* [ASSIGNMENT]
Reproduce exactly, and only, the lines below from the one containing "X90805000Y-77089000D02*" through the one containing "X122936000Y-71932800D02*".

(Stored items)

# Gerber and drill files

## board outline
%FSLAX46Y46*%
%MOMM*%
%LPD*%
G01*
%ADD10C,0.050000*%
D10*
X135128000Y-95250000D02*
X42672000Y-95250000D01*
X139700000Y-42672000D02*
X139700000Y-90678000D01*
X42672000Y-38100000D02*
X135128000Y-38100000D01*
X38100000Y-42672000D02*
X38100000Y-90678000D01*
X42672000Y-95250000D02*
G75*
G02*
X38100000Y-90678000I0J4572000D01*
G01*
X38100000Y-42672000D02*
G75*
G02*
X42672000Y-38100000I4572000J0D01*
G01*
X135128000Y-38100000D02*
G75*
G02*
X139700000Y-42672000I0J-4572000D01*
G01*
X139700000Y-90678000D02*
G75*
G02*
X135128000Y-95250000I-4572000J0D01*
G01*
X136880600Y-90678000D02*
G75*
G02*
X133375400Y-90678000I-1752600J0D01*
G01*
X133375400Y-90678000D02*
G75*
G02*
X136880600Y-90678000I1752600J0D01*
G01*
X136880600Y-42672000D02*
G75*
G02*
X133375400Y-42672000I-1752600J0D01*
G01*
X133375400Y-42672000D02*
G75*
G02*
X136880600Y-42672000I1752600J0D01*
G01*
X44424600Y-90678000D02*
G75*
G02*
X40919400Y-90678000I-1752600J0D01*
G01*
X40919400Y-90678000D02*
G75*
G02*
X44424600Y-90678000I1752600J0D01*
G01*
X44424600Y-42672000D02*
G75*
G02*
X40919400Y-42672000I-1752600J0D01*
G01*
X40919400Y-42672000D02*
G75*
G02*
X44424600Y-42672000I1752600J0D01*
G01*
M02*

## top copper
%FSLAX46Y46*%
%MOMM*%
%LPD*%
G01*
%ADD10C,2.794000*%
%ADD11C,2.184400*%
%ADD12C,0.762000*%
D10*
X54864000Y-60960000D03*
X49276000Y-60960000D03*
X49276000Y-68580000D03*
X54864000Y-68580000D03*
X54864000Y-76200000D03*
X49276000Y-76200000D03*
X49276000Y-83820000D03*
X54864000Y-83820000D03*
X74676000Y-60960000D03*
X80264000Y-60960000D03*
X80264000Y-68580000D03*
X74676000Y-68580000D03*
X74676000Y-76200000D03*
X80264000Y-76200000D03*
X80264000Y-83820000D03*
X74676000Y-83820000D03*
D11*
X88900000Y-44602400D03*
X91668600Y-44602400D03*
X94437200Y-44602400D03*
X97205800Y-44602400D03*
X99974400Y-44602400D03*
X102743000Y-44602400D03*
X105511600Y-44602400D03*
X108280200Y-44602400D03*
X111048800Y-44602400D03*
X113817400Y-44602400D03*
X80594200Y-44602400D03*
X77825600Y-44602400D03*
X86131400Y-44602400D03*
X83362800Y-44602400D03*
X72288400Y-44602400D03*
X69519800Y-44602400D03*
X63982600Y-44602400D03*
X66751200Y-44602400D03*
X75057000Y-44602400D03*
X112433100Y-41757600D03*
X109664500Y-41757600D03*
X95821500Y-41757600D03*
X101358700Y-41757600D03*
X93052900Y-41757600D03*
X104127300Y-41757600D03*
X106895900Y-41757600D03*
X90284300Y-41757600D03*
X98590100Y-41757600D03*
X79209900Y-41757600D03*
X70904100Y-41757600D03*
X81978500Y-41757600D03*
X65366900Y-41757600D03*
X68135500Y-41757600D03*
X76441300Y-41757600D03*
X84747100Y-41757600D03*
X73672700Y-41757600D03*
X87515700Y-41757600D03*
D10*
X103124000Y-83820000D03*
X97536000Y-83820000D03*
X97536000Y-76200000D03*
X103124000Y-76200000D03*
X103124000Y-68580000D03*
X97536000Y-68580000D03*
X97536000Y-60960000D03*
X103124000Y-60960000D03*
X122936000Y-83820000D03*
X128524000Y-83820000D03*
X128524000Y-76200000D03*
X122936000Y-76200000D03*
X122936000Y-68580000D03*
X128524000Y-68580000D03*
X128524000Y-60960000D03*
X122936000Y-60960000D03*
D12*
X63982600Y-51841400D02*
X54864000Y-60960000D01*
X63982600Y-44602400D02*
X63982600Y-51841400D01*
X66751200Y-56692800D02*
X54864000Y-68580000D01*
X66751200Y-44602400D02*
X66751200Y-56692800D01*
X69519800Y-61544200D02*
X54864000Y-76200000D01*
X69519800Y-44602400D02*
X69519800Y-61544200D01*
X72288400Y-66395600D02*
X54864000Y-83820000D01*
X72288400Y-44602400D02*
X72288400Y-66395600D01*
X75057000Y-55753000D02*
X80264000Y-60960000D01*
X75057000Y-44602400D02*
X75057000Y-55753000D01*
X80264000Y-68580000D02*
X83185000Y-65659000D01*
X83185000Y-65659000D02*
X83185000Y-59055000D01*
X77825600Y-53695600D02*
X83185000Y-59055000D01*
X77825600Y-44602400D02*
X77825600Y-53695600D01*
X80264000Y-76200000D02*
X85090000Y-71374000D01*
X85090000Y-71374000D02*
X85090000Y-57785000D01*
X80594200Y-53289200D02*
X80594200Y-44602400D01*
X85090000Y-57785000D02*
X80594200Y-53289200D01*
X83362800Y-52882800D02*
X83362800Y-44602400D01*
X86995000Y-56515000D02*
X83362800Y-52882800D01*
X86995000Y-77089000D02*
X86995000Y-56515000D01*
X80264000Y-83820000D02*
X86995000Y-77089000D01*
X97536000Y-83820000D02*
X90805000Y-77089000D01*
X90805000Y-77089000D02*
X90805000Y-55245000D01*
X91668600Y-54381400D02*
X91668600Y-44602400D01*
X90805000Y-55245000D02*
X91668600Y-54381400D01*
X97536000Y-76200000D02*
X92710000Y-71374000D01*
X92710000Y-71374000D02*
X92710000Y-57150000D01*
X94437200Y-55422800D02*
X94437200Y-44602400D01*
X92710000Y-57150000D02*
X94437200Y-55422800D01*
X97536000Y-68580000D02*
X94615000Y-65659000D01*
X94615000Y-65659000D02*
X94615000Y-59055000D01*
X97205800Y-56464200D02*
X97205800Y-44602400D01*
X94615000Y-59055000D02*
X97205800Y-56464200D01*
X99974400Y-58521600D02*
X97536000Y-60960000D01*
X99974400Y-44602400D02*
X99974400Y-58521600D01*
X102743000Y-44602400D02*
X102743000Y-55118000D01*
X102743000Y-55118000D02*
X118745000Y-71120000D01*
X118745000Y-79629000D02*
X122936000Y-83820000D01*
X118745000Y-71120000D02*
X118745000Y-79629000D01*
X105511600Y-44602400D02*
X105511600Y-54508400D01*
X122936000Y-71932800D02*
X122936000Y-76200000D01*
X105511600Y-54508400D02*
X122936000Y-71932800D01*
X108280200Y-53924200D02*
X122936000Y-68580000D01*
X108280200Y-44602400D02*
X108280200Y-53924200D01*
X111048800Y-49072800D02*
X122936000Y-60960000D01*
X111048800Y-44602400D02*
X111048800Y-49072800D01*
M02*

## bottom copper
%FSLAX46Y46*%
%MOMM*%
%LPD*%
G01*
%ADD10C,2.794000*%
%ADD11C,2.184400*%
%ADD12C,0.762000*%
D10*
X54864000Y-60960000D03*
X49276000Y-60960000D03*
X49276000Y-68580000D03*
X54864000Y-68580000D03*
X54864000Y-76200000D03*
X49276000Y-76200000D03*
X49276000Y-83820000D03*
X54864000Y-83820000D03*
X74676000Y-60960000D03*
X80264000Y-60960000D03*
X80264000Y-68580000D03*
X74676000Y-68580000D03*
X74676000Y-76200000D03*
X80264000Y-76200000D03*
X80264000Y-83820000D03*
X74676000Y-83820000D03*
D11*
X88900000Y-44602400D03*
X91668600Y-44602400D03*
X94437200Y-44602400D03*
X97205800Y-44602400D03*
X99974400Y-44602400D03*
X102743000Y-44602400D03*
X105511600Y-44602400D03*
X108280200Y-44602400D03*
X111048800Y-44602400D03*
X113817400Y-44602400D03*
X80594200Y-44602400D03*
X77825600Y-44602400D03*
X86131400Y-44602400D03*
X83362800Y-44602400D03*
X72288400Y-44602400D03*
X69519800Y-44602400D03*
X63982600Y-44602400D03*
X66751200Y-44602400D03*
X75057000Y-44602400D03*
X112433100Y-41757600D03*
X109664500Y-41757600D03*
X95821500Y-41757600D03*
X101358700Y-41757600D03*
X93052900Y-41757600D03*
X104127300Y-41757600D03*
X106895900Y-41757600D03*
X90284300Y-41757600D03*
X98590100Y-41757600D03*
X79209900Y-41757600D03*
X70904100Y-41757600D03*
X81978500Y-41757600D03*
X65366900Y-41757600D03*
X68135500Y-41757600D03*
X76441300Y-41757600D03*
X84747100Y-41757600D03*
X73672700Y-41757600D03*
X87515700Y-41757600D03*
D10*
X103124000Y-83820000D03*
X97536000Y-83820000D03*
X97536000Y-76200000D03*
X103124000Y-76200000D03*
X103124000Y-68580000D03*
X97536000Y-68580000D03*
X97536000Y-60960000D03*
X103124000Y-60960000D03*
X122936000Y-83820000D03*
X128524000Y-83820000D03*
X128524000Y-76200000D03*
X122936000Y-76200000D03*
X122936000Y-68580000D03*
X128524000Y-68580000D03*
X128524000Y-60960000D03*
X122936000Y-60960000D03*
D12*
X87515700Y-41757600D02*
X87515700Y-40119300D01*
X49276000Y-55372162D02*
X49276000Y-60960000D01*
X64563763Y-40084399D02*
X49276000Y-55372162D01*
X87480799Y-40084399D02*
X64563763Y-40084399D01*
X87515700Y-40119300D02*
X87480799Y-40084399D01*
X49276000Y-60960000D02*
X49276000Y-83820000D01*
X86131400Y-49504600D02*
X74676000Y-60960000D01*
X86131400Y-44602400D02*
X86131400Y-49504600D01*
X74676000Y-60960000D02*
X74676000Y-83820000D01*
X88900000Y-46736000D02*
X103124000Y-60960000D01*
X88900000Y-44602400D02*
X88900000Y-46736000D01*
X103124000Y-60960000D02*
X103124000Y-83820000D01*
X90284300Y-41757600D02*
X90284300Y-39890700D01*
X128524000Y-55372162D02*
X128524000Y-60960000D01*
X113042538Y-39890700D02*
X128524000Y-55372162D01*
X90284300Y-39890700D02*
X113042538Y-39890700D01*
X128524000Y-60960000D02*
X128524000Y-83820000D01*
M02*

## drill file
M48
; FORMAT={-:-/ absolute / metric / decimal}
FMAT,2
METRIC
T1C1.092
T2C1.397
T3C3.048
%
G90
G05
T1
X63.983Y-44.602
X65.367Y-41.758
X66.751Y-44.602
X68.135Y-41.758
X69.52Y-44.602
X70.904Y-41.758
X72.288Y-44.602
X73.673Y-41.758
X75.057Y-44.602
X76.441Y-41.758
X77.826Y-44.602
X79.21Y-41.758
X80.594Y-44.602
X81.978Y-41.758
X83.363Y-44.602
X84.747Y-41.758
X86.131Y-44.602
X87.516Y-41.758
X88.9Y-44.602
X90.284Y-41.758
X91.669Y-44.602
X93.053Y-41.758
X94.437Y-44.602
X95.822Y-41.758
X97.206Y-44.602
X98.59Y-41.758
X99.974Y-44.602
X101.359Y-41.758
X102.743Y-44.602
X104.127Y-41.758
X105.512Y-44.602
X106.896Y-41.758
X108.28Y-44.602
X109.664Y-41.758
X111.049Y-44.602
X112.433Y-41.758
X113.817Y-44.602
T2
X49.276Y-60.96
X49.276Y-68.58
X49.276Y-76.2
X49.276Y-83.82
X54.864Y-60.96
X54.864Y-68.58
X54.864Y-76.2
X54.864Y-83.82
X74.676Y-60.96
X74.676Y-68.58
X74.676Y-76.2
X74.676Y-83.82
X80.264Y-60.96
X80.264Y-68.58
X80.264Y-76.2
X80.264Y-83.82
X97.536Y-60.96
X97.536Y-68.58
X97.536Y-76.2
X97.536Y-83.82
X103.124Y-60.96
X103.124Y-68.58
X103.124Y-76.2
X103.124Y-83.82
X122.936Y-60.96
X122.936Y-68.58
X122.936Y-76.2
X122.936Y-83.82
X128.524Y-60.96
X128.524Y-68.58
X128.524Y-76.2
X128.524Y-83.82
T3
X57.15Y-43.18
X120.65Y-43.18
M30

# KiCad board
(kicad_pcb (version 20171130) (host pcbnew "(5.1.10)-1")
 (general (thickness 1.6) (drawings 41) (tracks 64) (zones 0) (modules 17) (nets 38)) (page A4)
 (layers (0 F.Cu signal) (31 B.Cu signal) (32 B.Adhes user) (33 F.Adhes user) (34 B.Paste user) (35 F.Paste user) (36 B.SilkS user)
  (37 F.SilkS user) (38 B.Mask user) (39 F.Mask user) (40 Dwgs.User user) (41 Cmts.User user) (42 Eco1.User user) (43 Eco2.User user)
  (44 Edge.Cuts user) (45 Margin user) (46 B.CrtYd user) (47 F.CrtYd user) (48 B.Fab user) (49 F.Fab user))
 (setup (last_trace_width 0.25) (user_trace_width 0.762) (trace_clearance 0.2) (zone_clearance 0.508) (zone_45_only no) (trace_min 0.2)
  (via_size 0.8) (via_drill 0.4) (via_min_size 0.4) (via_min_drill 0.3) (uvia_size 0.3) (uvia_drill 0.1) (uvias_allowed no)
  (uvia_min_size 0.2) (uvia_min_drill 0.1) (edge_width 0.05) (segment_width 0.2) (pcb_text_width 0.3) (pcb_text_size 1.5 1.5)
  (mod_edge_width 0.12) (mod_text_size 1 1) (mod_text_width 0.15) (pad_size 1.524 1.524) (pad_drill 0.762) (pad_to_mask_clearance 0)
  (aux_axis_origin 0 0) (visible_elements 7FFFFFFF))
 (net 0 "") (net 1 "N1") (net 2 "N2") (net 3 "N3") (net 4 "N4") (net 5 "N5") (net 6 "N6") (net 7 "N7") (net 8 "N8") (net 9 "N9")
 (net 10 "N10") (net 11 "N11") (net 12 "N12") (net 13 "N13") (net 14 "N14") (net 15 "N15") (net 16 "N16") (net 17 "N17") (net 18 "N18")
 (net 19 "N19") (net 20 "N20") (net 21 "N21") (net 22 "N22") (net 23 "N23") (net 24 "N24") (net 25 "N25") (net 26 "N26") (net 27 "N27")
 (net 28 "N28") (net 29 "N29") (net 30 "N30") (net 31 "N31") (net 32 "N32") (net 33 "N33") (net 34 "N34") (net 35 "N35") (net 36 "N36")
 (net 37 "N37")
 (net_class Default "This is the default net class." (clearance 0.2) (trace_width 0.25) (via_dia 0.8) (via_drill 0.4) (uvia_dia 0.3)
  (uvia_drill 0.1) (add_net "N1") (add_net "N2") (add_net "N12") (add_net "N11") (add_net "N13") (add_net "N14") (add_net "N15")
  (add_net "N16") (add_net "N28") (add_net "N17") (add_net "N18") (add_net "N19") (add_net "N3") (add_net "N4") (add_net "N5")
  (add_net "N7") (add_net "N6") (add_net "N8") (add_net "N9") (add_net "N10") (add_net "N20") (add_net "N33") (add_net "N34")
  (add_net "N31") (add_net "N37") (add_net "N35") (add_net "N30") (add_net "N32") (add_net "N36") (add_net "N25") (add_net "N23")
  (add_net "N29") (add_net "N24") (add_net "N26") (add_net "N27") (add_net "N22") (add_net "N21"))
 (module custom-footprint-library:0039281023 (layer F.Cu) (at 52.07 60.96 180)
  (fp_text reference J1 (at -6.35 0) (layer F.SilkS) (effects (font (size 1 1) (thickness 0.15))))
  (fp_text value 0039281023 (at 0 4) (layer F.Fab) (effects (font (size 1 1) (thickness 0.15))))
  (pad 1 thru_hole circle (at -2.794 0 180) (size 2.794 2.794) (drill 1.397) (layers *.Cu *.Mask) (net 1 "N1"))
  (pad 2 thru_hole circle (at 2.794 0 180) (size 2.794 2.794) (drill 1.397) (layers *.Cu *.Mask) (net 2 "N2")))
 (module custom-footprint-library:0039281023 (layer F.Cu) (at 52.07 68.58 180)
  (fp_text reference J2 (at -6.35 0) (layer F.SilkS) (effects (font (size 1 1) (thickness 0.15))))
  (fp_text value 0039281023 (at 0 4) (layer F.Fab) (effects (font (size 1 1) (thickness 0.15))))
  (pad 2 thru_hole circle (at 2.794 0 180) (size 2.794 2.794) (drill 1.397) (layers *.Cu *.Mask) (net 2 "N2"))
  (pad 1 thru_hole circle (at -2.794 0 180) (size 2.794 2.794) (drill 1.397) (layers *.Cu *.Mask) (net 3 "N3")))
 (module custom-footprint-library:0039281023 (layer F.Cu) (at 52.07 76.2 180)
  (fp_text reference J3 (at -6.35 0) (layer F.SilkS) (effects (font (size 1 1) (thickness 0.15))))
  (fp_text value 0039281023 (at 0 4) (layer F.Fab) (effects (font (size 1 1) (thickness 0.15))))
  (pad 1 thru_hole circle (at -2.794 0 180) (size 2.794 2.794) (drill 1.397) (layers *.Cu *.Mask) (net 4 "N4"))
  (pad 2 thru_hole circle (at 2.794 0 180) (size 2.794 2.794) (drill 1.397) (layers *.Cu *.Mask) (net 2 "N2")))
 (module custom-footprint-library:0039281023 (layer F.Cu) (at 52.07 83.82 180)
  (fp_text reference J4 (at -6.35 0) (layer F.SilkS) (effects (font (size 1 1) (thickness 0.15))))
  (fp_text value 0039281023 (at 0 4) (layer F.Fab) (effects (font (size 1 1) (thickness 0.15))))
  (pad 2 thru_hole circle (at 2.794 0 180) (size 2.794 2.794) (drill 1.397) (layers *.Cu *.Mask) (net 2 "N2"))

* [WRITTEN ANSWER]
X90805000Y-77089000D02*
X90805000Y-55245000D01*
X91668600Y-54381400D02*
X91668600Y-44602400D01*
X90805000Y-55245000D02*
X91668600Y-54381400D01*
X97536000Y-76200000D02*
X92710000Y-71374000D01*
X92710000Y-71374000D02*
X92710000Y-57150000D01*
X94437200Y-55422800D02*
X94437200Y-44602400D01*
X92710000Y-57150000D02*
X94437200Y-55422800D01*
X97536000Y-68580000D02*
X94615000Y-65659000D01*
X94615000Y-65659000D02*
X94615000Y-59055000D01*
X97205800Y-56464200D02*
X97205800Y-44602400D01*
X94615000Y-59055000D02*
X97205800Y-56464200D01*
X99974400Y-58521600D02*
X97536000Y-60960000D01*
X99974400Y-44602400D02*
X99974400Y-58521600D01*
X102743000Y-44602400D02*
X102743000Y-55118000D01*
X102743000Y-55118000D02*
X118745000Y-71120000D01*
X118745000Y-79629000D02*
X122936000Y-83820000D01*
X118745000Y-71120000D02*
X118745000Y-79629000D01*
X105511600Y-44602400D02*
X105511600Y-54508400D01*
X122936000Y-71932800D02*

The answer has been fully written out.